An AI-generated video created with the prompt, “The animated scene features a close-up of a short fluffy monster kneeling next to a melting red candle. The art style is 3d and realistic, with lighting and textures. is focused on. The mood of the painting is one of wonder and curiosity, as the monster stares into the flame with wide eyes and an open mouth. Its pose and expression convey a sense of innocence and playfulness, as if for the first time in its existence. exploring the world around.The use of warm colors and dramatic lighting further enhance the relaxed atmosphere of the image.

Thanks to OpenAI

While the scenes are certainly impressive, Sora’s most surprising abilities are the ones he hasn’t been trained for. Powered by a version of Diffusion model Powered by OpenAI’s Dalle-3 image generator as well as GPT-4’s Transformer-based engine, Sora doesn’t just create videos that meet the requirements of signage, but does so in a way that complements Cinema Grammar.
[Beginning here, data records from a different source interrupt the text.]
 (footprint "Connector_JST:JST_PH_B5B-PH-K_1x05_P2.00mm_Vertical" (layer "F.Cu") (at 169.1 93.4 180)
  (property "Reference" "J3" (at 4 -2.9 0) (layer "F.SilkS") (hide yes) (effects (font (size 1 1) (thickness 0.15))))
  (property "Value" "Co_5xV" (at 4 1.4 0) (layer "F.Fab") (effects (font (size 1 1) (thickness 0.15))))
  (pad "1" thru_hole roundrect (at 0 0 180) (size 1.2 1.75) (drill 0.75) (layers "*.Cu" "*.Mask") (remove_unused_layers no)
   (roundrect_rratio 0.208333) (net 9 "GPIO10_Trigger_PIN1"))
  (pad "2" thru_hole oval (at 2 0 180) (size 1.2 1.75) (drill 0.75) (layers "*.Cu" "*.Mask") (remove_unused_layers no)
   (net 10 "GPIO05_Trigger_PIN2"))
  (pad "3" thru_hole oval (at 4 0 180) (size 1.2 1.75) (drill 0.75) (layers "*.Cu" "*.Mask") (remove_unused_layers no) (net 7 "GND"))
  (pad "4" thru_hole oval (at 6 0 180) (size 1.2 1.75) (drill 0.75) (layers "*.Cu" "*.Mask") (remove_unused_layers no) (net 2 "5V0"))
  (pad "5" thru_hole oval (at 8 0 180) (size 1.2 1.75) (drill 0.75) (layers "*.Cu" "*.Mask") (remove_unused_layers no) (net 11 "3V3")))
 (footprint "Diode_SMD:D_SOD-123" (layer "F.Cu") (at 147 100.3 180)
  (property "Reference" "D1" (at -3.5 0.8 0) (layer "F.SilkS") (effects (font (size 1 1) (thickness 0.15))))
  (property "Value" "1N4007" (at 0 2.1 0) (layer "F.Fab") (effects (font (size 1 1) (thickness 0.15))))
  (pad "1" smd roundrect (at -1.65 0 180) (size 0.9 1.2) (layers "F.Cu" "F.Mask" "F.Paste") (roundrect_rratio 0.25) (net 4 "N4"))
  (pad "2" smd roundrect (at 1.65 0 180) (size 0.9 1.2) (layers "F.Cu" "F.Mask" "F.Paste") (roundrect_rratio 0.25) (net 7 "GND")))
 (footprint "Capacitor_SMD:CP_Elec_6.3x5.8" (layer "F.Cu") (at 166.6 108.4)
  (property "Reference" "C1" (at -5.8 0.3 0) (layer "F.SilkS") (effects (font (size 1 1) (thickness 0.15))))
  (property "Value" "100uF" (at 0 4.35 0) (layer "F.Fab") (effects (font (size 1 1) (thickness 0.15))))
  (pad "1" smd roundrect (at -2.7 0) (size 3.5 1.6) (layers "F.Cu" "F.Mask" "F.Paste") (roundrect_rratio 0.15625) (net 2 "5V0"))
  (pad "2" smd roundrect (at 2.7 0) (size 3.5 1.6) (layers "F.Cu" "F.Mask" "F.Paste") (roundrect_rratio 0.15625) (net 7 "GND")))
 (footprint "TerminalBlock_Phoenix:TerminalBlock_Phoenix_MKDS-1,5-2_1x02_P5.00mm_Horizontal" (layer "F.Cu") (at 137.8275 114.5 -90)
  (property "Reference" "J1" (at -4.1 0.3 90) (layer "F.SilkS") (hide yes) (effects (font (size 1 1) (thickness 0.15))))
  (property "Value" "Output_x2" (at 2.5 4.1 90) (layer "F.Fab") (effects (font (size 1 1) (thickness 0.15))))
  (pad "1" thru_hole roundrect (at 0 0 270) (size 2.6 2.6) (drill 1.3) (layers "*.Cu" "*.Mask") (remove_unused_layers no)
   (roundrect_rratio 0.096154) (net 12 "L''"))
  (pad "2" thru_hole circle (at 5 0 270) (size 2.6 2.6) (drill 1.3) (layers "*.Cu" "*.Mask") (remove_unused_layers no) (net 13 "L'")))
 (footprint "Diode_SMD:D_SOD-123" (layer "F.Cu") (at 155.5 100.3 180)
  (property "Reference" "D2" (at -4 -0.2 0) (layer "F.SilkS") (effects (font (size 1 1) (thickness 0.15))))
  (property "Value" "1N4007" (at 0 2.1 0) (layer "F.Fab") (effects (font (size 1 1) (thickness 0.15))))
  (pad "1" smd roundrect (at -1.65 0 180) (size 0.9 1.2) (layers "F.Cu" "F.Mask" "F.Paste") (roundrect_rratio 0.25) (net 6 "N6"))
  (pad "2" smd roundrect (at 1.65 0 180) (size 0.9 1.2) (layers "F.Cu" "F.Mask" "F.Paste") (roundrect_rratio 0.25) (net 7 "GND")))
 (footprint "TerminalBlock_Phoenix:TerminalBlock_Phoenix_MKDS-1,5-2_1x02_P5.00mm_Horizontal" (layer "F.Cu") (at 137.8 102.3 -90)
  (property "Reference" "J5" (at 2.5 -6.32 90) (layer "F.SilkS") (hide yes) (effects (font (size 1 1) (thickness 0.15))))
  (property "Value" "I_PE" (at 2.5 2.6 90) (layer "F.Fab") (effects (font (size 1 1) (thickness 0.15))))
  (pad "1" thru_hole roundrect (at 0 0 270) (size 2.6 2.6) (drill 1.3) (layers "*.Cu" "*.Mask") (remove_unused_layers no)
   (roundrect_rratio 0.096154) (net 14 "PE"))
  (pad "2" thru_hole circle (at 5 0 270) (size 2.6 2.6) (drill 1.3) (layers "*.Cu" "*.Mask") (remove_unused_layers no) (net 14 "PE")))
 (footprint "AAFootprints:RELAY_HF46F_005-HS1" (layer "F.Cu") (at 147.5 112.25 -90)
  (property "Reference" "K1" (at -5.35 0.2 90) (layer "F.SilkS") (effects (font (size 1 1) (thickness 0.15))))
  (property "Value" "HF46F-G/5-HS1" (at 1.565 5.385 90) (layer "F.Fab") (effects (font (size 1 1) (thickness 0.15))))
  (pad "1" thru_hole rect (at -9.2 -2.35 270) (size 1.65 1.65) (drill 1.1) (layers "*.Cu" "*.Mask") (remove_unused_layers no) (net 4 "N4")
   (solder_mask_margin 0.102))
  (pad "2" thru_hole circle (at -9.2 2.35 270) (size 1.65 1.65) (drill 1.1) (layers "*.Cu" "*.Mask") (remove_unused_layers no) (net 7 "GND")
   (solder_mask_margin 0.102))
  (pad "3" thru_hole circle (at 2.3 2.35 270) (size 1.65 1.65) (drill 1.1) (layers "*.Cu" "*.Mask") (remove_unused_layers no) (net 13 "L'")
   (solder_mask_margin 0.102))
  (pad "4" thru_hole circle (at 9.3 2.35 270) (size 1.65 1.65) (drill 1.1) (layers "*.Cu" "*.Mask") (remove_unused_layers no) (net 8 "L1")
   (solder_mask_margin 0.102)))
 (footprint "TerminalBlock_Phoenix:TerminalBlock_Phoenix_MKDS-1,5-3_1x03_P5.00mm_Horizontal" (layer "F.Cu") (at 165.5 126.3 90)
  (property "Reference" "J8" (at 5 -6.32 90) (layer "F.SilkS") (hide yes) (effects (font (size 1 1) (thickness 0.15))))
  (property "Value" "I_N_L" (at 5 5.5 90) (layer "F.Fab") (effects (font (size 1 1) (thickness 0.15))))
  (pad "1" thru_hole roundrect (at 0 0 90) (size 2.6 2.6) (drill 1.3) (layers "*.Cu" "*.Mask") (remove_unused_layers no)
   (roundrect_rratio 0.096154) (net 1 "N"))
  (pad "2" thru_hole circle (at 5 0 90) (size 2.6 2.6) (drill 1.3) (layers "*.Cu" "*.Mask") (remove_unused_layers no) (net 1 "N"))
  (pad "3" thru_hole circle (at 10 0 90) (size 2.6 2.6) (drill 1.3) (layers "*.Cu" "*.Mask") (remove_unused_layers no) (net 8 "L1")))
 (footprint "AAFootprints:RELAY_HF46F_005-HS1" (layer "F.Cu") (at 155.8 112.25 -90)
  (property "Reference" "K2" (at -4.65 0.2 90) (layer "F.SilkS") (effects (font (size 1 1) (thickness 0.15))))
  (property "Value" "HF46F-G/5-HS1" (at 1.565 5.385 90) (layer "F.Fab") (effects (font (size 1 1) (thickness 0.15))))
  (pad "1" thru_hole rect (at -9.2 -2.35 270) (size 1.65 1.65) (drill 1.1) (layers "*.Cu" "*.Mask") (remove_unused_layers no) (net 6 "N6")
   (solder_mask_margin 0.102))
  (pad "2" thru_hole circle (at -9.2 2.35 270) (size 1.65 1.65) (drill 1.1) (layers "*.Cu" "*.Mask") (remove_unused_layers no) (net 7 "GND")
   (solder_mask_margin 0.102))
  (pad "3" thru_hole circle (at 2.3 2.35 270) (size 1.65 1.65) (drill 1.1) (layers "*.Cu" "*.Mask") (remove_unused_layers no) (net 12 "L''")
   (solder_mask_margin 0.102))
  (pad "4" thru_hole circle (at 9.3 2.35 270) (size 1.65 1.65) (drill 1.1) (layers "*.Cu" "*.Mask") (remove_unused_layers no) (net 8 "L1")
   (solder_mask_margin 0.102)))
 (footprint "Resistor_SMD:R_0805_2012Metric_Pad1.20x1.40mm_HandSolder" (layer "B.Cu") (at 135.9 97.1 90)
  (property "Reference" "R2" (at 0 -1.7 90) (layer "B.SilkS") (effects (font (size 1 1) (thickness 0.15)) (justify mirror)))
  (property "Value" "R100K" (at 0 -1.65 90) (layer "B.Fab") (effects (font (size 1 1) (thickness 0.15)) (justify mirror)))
The emergent grasp of .

This translates into a flair for storytelling. In another video that was created with the caption “a beautifully rendered papercraft world of a coral reef, filled with colorful fish and sea creatures”. Bill Peebles, another researcher on the project, notes that Sora created a narrative ensemble through his camera angles and timing. “There are actually multiple shot changes—they’re not stitched together, but generated all at once by the model,” he says. “We didn’t ask him to do it, it just happened automatically.”

“A beautifully rendered papercraft world of a coral reef, filled with colorful fish and sea creatures,” created with AI-generated video prompts.Thanks to OpenAI

In another instance that I haven’t seen, Sora is prompted to visit the zoo. Peebles says, “It started on a big sign with the name Zoo, slowly scaled down, and then made several changes to show the different animals that live in the zoo. The cinematographic approach that It was not expressly instructed to do so.

One feature in Sora that the OpenAI team hasn’t demonstrated, and may not release for some time, is the ability to create videos from a single image or sequence of frames. “It’s going to be another great way to improve storytelling skills,” says Brooks. “You can draw exactly what you have in mind and then bring it to life.” aware that this feature also has the potential to create deep flaws and misinformation.” Peebles adds, “We’re going to be very careful about all the security implications of this.